Friday, December 17, 2010

Welcome Wagon Rolls Out For New Space Station Crew

A new multinational crew floated into the International Space Station tonight, kicking off a sixth-month stint during which the frontier explorers will celebrate the 50th anniversary of the first human expedition into orbit.

Friends, family members and dignitaries gathered at the Russian Mission Control Center outside Moscow to send their best wishes to Russian cosmonaut Dmitry Kondratyev, U.S. astronaut Catherine "Cady" Coleman and European Space Agency astronaut Paulo Nespoli of Italy.

"I want to congratulate you an a super launch and docking. You guys look great. It's great to see you on that big space station," said Kirk Shireman, deputy manager of NASA's space station program office.

"Hey Kirk, it's nice to talk to you," Coleman replied. "It is so beautiful."
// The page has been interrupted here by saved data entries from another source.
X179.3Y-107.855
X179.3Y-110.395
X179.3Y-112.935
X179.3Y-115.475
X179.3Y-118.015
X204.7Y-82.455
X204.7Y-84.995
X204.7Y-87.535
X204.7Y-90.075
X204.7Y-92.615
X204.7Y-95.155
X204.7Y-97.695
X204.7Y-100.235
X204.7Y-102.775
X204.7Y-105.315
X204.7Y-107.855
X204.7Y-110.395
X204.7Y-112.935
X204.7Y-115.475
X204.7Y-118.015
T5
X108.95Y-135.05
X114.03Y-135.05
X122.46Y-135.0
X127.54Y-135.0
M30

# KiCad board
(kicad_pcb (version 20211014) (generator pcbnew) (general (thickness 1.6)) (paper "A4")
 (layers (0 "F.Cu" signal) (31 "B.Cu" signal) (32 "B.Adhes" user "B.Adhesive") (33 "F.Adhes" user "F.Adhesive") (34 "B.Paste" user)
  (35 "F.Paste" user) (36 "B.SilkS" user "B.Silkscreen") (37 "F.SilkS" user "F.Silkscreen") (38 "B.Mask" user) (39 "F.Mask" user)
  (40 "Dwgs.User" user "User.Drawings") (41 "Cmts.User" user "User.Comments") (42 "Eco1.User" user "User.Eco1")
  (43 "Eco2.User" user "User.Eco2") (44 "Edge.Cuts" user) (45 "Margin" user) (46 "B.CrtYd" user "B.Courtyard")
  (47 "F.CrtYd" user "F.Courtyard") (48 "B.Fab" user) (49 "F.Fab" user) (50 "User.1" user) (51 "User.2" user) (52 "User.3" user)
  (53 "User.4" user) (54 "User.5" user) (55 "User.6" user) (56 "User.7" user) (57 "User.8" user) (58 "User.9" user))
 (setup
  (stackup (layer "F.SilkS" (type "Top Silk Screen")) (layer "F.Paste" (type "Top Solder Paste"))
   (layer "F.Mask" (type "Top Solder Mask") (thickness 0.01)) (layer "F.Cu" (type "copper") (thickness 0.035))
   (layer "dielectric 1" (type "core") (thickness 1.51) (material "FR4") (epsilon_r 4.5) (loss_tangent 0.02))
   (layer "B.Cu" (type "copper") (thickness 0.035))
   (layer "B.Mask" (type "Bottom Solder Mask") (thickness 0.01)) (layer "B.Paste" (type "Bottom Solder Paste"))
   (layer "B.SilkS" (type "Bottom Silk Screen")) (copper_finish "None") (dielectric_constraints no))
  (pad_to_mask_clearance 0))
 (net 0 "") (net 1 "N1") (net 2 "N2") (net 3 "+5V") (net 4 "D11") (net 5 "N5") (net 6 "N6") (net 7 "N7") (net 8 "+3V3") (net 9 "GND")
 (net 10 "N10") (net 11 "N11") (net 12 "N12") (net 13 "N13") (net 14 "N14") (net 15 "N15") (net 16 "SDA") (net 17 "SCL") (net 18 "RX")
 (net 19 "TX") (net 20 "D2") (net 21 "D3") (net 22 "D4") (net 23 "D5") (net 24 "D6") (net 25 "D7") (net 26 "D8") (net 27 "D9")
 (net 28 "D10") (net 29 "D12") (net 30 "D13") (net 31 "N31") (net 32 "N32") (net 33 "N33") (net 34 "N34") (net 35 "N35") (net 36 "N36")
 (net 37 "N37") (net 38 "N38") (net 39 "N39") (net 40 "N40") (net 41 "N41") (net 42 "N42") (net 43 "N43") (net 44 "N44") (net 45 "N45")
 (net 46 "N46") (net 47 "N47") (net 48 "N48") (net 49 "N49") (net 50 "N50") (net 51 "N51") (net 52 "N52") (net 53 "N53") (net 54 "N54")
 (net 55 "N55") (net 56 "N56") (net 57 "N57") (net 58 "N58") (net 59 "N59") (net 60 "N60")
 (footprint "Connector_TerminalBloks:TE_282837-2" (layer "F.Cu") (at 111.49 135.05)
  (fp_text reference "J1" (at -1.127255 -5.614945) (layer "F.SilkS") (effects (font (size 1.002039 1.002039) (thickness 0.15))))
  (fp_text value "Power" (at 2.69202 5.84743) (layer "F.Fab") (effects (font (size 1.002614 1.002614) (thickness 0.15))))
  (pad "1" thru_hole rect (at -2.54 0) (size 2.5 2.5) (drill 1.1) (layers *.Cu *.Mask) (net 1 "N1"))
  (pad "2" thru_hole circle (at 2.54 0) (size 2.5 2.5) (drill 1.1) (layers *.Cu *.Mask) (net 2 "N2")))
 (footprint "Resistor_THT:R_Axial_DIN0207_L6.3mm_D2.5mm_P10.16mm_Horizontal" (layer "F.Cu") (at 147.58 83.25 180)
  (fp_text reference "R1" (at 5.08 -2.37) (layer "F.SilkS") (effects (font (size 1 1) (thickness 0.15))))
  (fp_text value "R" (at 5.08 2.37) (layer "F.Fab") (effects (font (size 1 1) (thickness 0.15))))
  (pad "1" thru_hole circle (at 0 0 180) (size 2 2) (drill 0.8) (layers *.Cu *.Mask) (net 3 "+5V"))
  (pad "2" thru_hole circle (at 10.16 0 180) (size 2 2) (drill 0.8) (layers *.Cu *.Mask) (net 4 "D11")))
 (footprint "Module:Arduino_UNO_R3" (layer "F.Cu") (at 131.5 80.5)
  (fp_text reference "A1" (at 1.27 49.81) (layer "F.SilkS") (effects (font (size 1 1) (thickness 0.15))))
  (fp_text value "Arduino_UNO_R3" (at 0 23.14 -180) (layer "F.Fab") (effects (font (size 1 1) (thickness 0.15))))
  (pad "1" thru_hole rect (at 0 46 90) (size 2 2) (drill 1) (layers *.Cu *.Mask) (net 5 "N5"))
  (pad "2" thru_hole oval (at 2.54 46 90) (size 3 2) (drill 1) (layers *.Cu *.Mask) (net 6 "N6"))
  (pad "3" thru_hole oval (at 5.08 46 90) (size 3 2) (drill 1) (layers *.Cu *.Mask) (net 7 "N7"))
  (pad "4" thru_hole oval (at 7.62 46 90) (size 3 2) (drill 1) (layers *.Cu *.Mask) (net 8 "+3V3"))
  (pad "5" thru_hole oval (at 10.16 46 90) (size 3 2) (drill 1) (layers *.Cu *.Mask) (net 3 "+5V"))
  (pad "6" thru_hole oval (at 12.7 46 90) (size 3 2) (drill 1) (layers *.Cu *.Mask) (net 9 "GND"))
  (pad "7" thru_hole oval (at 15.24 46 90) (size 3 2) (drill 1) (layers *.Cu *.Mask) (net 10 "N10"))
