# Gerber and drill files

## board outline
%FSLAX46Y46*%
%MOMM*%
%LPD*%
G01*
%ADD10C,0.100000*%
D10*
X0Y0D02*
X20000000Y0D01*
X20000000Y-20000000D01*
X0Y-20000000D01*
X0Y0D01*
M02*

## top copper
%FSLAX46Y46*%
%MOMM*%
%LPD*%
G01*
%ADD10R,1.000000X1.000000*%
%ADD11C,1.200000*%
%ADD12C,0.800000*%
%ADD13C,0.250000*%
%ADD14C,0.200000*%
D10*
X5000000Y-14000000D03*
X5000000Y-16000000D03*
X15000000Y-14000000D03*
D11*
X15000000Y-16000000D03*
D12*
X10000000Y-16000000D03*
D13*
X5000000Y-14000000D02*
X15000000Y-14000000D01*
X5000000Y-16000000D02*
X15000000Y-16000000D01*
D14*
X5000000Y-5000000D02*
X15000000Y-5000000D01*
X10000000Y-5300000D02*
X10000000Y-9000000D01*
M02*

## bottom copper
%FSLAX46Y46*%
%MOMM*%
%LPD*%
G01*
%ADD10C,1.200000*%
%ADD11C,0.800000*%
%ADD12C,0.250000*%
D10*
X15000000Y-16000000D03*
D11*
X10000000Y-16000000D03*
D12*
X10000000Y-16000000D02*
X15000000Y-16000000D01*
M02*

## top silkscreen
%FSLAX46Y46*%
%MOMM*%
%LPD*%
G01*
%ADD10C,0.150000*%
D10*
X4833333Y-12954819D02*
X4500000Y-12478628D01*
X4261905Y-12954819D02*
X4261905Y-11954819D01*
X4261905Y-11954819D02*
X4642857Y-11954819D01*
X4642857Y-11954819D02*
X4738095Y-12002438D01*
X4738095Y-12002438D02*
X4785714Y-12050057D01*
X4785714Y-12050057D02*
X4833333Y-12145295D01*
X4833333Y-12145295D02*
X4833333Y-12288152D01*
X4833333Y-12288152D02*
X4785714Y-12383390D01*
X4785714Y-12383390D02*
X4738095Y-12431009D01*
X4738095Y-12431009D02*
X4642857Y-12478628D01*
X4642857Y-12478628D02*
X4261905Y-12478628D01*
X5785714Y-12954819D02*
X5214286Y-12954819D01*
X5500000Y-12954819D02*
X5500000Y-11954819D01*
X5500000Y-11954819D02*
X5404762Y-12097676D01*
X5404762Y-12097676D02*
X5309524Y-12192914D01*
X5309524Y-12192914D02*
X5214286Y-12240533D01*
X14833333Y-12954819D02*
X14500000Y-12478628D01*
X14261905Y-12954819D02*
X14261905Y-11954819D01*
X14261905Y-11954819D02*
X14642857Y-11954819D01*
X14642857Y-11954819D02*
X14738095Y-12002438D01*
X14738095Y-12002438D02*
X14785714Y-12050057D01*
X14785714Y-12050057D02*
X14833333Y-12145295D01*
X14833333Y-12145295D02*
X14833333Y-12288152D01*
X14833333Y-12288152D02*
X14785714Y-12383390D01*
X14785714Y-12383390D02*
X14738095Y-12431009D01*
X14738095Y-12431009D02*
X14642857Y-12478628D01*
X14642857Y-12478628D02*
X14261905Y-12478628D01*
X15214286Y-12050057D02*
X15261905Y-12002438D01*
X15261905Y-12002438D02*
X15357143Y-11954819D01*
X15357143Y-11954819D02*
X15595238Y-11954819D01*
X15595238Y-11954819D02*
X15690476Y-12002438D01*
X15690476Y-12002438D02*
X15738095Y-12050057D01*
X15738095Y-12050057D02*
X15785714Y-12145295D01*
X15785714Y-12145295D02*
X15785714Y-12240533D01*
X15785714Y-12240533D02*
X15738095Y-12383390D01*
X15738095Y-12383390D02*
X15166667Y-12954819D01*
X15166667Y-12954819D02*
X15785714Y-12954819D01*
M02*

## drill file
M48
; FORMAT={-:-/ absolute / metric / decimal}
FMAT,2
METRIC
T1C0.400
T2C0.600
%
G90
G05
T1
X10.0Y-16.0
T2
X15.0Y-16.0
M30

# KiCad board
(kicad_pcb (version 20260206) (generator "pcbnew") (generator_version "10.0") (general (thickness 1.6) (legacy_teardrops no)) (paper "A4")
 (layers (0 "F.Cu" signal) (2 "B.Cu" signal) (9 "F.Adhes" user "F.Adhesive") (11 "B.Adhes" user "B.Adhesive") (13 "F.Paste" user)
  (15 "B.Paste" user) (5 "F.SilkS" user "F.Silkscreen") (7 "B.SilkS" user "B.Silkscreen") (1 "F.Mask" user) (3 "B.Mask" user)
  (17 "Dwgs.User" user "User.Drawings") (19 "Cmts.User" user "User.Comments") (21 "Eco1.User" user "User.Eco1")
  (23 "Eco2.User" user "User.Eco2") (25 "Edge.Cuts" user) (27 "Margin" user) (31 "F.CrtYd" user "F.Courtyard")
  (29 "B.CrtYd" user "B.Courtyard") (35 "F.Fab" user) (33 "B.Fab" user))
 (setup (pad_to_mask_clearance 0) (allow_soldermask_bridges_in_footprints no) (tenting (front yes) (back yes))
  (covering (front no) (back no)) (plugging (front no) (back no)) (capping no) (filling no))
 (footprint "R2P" (layer "F.Cu") (at 5 15)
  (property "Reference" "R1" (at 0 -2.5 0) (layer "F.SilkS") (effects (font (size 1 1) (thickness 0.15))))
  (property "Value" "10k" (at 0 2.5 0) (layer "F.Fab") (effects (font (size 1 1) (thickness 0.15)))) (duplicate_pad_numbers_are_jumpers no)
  (pad "1" smd rect (at 0 -1) (size 1 1) (layers "F.Cu" "F.Mask" "F.Paste") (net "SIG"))
  (pad "2" smd rect (at 0 1) (size 1 1) (layers "F.Cu" "F.Mask" "F.Paste") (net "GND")))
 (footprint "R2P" (layer "F.Cu") (at 15 15)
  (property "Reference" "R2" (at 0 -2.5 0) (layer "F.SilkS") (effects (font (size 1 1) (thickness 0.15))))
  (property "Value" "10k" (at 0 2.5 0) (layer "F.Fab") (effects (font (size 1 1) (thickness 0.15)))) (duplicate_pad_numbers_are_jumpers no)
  (pad "1" smd rect (at 0 -1) (size 1 1) (layers "F.Cu" "F.Mask" "F.Paste") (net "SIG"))
  (pad "2" thru_hole circle (at 0 1) (size 1.2 1.2) (drill 0.6) (layers "*.Cu" "*.Mask") (remove_unused_layers no) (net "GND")))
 (gr_rect (start 0 0) (end 20 20) (stroke (width 0.1) (type solid)) (fill no) (layer "Edge.Cuts"))
 (segment (start 5 14) (end 15 14) (width 0.25) (layer "F.Cu") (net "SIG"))
 (segment (start 5 16) (end 15 16) (width 0.25) (layer "F.Cu") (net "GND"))
 (via (at 10 16) (size 0.8) (drill 0.4) (layers "F.Cu" "B.Cu") (capping no) (covering (front no) (back no)) (plugging (front no) (back no))
  (filling no) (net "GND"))
 (segment (start 10 16) (end 15 16) (width 0.25) (layer "B.Cu") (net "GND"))
 (segment (start 5 5) (end 15 5) (width 0.2) (layer "F.Cu") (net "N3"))
 (segment (start 10 5.3) (end 10 9) (width 0.2) (layer "F.Cu") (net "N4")))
The arriving trio joined U.S. astronaut Scott Kelly and Russian cosmonauts Alexander Kaleri and Oleg Skripochka, who have been living and working on the station for 68 days.

The six now make up the full crew of the 26th expedition to the station, which has been staffed continuously now since the outpost was opened for business by Expedition 1 crew William Shepherd, Sergei Krikalev and Yuri Gidzenko on Nov. 2, 2000.

Heavy traffic is expected at the station during the next two months. Robotic space freighters from Russian, Europe and Japan are due to arrive, and if all goes well, shuttle Discovery and six astronauts will deliver a critical new stowage module in early February.

Said Shireman: "You guys have fun, and we'll be sending lots of vehicles your way here very shortly."

"Sounds good," Coleman said.

The three newly arrived astronauts will be onboard the station April 12 -- the 50th anniversary of Yuri Gagarin's launch on the first human space flight in 1961.

"I think anniversaries are special because they make us stop and think about our perspective, and realize that we’ve come a long way," Coleman said in a preflight interview.

Kondratyev, Coleman and Nespoli are due back on Earth in May.

3 comments:

Anonymous said...

Ironic that 2011 is the 50th and last year of the American Human Space Program!!! SAD!!!

Anonymous said...

Anonymous 8:50 AM: Like they say "Everything happens for a reason." SAD indeed that NASA administrators made stupid choices mixing science & politics ending the once known successful Space program. Now all its known for is long delays & the inevitable end to jobs in several states.

Anonymous said...

What I think is a sad note is Charlie Bolden said NO civil servants would lose any jobs! Here's a big story for you, I suddenly seen 20 new faces with temp badges that have been hired as civil servants by NASA for KSC! Not one looks over 30 and think its great to be starting at KSC! So if the money has stayed the same as 2010 then why cut whats needed, force lay-offs of NON-civil servant workers (which has done everything since the beginning only with NASA oversight)and start hiring more protected personnel? All NASA personnel do at KSC is sit in plush offices in suits and read reports of all the contractors work being done!
Charlie you better get your priorities straight or you will sink whats left of space flight ANYWHERE in the US.
As to the redecorating that was done...yes to headquarters for NASA personnel. Every building out there is filled with asbestos and is falling apart! if we dont fix them we need to tear them down and I know you will never find and NASA personnel driving fancy cars doing any demo work! NASA pays huge salaries to people (some of which dont even have more than a HS diploma)I'm talking over 100k to sit in an office and read papers and go for long walks or work out in the health clubs that are off limits to anyone BUT NASA personnel.